她虽这样想着,面上却仍是一派恭敬。
“郭家是忠臣,攥着兵权,却又没有私心。飞鸟尽良弓藏,我怎么能放心啊”
二皇子突然笑出了声,笑声中却没有丝毫的愉悦。
他像是陷入了癫狂,一直笑着,笑出了眼泪。
夕涵站在旁边,就听着他疯。
不知道过了多久,他的情绪才平复了些许。
二皇子坐直了身子,用帕子见脸上泪花擦掉,神色化为冷静,他看着夕涵,眼神愈认真:“我啊,不想要这江山。但是别人做皇帝,我不放心。我得要自己护着他”
他愿意做忠臣,自己就给他一个好皇帝,信任他、重用他
夕涵警惕起来,这一次却没有开口打断,而是静静听着他说,努力将他说的每一个字都记下来。
宫中的人都是字字珠玑,她不知道二皇子这话后面是不是还有其他的意思,便只能仔细记下来,等回去说给束和听。他总是能明白的。

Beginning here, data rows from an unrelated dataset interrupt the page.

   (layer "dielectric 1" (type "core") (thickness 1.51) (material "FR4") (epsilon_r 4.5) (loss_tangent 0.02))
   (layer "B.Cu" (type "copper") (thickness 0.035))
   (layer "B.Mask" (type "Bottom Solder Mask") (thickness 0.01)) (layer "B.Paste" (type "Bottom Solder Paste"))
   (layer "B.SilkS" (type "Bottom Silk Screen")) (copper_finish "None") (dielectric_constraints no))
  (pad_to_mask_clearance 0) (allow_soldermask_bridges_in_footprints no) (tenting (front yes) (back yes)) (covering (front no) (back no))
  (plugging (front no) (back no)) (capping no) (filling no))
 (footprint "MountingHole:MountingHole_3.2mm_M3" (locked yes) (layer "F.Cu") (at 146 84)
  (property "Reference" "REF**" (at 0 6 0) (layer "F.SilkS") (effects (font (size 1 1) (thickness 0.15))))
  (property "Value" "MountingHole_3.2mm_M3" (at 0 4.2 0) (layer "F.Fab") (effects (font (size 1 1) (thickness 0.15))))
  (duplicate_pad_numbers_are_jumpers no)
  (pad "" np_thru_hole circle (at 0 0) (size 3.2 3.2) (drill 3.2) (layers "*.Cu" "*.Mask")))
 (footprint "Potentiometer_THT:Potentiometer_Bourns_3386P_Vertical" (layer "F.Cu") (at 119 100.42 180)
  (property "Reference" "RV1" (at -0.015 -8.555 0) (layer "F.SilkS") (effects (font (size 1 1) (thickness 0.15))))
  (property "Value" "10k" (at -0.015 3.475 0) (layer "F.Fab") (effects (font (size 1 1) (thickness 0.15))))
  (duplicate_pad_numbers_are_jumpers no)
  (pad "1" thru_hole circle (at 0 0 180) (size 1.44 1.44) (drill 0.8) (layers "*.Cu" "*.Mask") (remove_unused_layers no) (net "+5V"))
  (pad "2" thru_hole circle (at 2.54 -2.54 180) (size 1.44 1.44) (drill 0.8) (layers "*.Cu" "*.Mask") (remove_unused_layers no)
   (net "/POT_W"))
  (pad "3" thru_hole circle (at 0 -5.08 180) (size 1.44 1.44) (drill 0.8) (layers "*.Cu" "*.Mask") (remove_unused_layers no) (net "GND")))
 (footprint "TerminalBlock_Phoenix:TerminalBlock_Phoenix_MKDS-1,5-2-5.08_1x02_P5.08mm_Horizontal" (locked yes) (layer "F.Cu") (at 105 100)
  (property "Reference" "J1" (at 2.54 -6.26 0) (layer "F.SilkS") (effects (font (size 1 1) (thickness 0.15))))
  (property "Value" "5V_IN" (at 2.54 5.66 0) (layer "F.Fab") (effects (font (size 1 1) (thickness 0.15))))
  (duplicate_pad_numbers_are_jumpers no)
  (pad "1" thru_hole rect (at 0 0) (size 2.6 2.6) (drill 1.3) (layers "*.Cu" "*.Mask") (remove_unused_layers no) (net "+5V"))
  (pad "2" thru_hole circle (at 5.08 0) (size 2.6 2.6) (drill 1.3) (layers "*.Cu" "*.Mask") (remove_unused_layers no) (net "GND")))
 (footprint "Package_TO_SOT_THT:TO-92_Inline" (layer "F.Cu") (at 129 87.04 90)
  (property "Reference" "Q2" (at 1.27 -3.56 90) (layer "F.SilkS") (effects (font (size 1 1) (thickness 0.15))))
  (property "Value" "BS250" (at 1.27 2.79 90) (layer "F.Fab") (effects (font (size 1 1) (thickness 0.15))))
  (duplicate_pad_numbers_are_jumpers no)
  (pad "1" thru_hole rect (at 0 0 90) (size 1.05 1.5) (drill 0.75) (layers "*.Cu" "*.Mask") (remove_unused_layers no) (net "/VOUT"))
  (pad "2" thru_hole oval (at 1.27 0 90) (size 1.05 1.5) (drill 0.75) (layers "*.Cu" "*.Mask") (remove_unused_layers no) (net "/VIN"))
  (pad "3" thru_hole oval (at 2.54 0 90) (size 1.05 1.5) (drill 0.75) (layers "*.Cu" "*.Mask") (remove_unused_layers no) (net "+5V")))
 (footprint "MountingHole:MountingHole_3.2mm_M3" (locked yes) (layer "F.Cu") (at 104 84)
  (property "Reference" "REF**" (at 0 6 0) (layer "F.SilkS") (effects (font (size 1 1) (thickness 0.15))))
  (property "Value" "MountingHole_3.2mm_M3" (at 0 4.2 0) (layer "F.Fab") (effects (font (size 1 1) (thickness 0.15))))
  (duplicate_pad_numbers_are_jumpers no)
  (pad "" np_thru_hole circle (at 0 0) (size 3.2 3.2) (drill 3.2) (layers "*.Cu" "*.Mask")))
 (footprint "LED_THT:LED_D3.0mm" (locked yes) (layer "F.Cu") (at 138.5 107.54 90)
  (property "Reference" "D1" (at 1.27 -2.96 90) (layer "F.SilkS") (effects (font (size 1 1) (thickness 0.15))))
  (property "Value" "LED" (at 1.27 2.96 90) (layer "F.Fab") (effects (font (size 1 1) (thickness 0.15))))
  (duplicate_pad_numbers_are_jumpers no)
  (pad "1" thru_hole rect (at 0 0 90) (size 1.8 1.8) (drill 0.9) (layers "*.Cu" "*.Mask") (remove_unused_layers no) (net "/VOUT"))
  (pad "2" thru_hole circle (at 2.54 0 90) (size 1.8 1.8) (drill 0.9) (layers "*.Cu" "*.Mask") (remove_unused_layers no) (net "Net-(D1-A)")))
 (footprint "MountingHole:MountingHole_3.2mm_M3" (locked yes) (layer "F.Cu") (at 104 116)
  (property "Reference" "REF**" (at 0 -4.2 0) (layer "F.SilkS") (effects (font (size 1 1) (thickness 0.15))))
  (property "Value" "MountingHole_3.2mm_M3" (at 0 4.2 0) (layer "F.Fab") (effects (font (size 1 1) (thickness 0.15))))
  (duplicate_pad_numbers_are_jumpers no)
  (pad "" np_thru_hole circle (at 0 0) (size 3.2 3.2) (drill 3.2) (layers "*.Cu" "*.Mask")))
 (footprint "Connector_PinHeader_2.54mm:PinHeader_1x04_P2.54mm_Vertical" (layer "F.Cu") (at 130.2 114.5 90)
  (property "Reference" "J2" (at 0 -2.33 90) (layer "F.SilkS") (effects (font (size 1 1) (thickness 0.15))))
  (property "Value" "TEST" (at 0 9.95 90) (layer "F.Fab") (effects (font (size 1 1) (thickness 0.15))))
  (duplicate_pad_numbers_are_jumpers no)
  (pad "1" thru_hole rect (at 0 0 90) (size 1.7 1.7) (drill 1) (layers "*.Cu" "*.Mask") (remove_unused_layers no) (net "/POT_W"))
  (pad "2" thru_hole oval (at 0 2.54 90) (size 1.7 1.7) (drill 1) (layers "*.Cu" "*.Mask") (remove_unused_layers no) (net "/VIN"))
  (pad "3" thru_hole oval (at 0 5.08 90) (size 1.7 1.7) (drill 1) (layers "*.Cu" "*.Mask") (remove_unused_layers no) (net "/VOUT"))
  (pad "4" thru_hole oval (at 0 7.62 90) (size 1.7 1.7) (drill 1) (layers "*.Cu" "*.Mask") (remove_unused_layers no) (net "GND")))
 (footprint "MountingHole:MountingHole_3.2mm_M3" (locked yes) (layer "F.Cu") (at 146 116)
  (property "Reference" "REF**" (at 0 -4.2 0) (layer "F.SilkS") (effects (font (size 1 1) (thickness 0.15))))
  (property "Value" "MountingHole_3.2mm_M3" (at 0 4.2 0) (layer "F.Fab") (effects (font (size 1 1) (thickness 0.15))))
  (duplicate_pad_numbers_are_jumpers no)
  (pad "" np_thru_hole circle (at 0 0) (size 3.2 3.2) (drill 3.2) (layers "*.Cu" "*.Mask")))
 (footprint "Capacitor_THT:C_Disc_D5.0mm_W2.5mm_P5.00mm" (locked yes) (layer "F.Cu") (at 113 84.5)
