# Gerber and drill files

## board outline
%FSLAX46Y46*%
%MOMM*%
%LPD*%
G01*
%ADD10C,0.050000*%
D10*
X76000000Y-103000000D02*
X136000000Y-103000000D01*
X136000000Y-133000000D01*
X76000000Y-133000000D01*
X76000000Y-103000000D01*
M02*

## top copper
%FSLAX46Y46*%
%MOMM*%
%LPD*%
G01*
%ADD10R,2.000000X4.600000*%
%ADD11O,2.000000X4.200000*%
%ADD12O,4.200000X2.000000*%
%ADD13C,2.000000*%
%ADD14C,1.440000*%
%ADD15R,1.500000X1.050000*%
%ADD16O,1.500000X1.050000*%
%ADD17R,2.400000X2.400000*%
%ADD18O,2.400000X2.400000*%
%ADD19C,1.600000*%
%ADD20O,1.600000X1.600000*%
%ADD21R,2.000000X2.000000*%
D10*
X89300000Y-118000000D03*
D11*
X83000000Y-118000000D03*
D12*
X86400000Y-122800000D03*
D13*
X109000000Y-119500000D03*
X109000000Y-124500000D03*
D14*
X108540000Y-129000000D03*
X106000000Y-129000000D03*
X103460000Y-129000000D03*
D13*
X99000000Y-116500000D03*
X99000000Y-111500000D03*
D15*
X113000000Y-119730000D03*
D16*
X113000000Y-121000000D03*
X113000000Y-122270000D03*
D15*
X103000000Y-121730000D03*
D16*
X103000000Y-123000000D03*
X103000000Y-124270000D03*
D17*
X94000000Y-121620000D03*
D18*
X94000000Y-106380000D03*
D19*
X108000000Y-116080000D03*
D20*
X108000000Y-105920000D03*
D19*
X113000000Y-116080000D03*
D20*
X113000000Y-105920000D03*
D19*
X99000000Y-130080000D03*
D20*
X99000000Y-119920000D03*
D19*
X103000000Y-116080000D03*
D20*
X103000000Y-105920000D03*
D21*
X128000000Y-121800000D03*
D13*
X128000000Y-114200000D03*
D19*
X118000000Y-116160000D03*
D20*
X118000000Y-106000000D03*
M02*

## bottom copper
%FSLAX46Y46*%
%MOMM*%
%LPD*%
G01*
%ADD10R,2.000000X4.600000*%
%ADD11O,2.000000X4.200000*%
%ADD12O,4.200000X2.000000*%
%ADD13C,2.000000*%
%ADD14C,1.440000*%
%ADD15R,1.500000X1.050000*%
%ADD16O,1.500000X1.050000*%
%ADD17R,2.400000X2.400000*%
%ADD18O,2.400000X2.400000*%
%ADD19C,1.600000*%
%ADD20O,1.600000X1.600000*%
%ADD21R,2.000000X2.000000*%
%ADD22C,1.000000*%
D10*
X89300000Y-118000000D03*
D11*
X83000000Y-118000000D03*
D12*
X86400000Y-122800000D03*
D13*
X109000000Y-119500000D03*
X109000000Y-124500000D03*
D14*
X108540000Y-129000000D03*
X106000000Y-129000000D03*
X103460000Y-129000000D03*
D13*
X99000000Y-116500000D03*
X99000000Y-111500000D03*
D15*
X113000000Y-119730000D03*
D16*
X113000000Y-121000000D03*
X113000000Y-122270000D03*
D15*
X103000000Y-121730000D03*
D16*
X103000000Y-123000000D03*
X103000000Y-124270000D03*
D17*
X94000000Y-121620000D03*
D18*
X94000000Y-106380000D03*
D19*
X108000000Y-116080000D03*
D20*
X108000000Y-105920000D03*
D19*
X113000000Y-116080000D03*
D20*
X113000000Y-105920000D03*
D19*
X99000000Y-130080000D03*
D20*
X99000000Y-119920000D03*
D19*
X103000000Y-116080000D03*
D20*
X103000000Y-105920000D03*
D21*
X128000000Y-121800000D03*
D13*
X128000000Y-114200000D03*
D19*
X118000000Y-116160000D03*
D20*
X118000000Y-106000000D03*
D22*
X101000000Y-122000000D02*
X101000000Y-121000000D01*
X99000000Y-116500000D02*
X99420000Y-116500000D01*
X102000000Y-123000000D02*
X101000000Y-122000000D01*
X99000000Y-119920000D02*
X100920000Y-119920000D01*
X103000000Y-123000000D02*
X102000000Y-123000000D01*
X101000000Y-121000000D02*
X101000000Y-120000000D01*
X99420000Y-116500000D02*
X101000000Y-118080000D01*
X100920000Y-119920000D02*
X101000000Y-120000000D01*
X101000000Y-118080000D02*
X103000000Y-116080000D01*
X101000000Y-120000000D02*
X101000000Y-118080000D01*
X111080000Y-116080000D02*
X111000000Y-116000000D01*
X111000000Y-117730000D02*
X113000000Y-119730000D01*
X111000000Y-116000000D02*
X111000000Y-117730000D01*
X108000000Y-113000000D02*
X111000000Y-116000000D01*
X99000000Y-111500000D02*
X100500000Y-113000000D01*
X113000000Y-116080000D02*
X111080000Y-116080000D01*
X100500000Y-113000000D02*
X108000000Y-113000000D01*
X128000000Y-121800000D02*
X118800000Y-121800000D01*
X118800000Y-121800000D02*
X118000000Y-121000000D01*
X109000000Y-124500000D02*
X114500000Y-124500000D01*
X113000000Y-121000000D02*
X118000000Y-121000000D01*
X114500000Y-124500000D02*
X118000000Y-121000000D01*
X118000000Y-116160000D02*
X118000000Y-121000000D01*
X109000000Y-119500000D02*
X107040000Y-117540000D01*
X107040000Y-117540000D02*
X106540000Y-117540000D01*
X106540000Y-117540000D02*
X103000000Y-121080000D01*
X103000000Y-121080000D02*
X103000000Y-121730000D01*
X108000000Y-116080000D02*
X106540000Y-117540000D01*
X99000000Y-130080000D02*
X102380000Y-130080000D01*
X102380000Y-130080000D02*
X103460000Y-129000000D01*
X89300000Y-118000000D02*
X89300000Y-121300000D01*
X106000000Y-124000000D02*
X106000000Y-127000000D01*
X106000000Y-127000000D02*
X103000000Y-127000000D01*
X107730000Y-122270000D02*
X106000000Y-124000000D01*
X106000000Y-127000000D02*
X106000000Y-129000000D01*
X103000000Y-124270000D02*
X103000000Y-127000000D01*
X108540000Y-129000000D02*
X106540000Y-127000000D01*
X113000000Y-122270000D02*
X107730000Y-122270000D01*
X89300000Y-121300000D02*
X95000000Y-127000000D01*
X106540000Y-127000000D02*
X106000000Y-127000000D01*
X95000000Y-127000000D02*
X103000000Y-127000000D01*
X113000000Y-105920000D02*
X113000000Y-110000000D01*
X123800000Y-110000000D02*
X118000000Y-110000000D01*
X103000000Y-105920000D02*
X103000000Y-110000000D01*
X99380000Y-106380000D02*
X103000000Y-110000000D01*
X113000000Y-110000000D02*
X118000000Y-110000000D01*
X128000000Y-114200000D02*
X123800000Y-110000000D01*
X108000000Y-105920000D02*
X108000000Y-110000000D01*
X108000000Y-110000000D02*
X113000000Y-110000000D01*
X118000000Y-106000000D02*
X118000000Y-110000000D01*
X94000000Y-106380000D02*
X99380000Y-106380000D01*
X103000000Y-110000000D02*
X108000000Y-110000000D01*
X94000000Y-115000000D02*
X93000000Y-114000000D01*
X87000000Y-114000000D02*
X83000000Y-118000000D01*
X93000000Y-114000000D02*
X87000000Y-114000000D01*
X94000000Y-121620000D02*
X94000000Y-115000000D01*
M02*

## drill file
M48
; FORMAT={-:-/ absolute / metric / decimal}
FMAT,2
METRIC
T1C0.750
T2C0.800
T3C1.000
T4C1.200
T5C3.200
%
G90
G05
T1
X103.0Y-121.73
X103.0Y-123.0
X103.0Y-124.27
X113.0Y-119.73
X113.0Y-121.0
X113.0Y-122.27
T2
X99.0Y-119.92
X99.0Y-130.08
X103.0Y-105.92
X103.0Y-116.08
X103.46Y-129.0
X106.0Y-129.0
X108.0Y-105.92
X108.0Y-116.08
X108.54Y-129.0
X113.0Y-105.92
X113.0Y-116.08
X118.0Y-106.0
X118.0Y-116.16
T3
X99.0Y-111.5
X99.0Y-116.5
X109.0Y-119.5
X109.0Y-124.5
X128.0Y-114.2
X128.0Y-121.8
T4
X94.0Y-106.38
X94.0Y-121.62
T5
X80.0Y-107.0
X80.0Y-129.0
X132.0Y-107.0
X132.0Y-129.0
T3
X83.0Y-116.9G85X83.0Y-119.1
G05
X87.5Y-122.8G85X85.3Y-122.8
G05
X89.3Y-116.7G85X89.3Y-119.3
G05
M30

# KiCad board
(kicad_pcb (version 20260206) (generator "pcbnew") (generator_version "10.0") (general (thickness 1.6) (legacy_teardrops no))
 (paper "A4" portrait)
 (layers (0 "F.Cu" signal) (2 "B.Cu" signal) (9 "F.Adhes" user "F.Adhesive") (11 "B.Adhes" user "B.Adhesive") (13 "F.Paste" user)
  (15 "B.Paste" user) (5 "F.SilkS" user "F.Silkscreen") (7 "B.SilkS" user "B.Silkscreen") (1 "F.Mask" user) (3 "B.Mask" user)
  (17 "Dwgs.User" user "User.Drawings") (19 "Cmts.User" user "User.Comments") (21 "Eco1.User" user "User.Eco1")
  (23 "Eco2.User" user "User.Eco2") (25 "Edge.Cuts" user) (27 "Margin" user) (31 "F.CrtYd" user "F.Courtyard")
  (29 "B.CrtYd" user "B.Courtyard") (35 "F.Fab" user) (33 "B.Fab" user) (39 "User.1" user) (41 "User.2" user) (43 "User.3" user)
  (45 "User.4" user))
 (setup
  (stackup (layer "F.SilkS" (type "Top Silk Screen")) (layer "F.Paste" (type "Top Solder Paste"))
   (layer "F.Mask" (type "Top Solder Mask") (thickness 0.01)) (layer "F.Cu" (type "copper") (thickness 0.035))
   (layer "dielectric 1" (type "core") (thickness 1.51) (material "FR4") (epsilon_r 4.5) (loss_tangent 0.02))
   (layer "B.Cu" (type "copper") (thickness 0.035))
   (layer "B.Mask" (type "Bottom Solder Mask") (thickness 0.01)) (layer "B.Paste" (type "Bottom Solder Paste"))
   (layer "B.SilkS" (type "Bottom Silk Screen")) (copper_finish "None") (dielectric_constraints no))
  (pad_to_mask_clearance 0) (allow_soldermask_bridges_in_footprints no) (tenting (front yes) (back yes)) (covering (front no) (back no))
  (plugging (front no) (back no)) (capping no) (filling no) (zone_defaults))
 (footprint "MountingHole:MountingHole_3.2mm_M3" (layer "F.Cu") (at 80 129)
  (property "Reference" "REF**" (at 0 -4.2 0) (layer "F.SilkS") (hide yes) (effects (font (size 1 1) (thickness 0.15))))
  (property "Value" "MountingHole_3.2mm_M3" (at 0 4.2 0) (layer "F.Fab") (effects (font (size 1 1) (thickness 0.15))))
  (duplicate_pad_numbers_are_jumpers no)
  (pad "" np_thru_hole circle (at 0 0) (size 3.2 3.2) (drill 3.2) (layers "*.Cu" "*.Mask")))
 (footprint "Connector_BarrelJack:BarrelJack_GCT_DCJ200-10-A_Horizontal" (layer "F.Cu") (at 89.3 118 -90)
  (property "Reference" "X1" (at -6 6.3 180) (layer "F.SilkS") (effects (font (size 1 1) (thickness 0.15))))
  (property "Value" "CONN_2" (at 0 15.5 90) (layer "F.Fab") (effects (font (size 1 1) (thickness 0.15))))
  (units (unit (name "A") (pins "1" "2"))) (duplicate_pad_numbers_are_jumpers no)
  (pad "1" thru_hole rect (at 0 0 270) (size 4.6 2) (drill oval 3.6 1) (layers "*.Cu" "*.Mask") (remove_unused_layers no)
   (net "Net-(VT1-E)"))
  (pad "2" thru_hole oval (at 0 6.3 270) (size 4.2 2) (drill oval 3.2 1) (layers "*.Cu" "*.Mask") (remove_unused_layers no)
   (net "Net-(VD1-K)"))
  (pad "3" thru_hole oval (at 4.8 2.9 270) (size 2 4.2) (drill oval 1 3.2) (layers "*.Cu" "*.Mask") (remove_unused_layers no)))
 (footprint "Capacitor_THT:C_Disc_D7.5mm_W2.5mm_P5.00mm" (layer "F.Cu") (at 109 119.5 -90)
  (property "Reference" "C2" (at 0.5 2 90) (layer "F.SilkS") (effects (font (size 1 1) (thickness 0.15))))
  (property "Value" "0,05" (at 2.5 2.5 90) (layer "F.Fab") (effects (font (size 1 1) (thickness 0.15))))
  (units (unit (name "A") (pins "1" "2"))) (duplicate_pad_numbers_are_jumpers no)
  (pad "1" thru_hole circle (at 0 0 270) (size 2 2) (drill 1) (layers "*.Cu" "*.Mask") (remove_unused_layers no) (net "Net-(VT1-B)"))
  (pad "2" thru_hole circle (at 5 0 270) (size 2 2) (drill 1) (layers "*.Cu" "*.Mask") (remove_unused_layers no) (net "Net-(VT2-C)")))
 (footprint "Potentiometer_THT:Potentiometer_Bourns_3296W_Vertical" (layer "F.Cu") (at 108.54 129)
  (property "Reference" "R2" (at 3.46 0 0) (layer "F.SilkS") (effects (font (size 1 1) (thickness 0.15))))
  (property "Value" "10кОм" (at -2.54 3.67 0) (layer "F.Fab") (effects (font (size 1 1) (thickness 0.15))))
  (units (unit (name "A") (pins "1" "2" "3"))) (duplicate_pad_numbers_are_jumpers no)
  (pad "1" thru_hole circle (at 0 0) (size 1.44 1.44) (drill 0.8) (layers "*.Cu" "*.Mask") (remove_unused_layers no) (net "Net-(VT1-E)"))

二皇子没有再多言,只又灌了半晌的酒,便将夕涵轰走了。
“出来。”
二皇子将最后一杯酒喝了,低声吐出两个字来。
话音未落,一身黑衣的暗卫突然出现在屋中,向着他行礼:“主子。”
“贺礼送过去了吗?”
二皇子站起来几步走到床前,敛了眉,看不出情绪。只是那神色看着,哪还有半分醉意。
“已经送去了。”
暗卫半跪在地上,低声回答。
“下去吧。”
二皇子闭上眼睛,将满眸的苍凉掩盖住,声音隐隐哑。
他在窗前站着,视线落在院中的梧桐树上,回忆很久远的事情,神色有些恍惚。
良久,他转身出了屋。
“备车,出宫。”
他的嗓音喑哑,透着浓浓的疲惫。
今日,郭卫大婚,他怎么可能喝多那?
便是他也想去看看,郭卫一身红衣骑在高头大马上,接亲的样子。
在另外一边,夕涵已经回了内务府。
一回去,便看见束和站在屋中间等她。
夕涵心里一软,知道他是担心自己,快步走了过去。
“公务是忙完了吗?”
她拉住束和的手,仰头冲着他笑。
“太危险了。”
束和将她一把抱住,才长呼了一口气,真正算是放松了下来。
“其实没事的。他最多再灌我几杯酒。”
夕涵伸手抱住他的腰腹,在他怀里蹭了蹭,小声地解释道。
束和没有说话,只是将她抱得更紧。
夕涵也没有再多说话,将头靠在他的肩上,任由他抱着。
半晌,束和的情绪平复了,夕涵才拉着他的手指,坐到旁边的软榻上,细细地和他讲起刚才二皇子的反应。
她记得很仔细,除去了其中泄似的絮絮叨叨,将剩下的都与束和说了。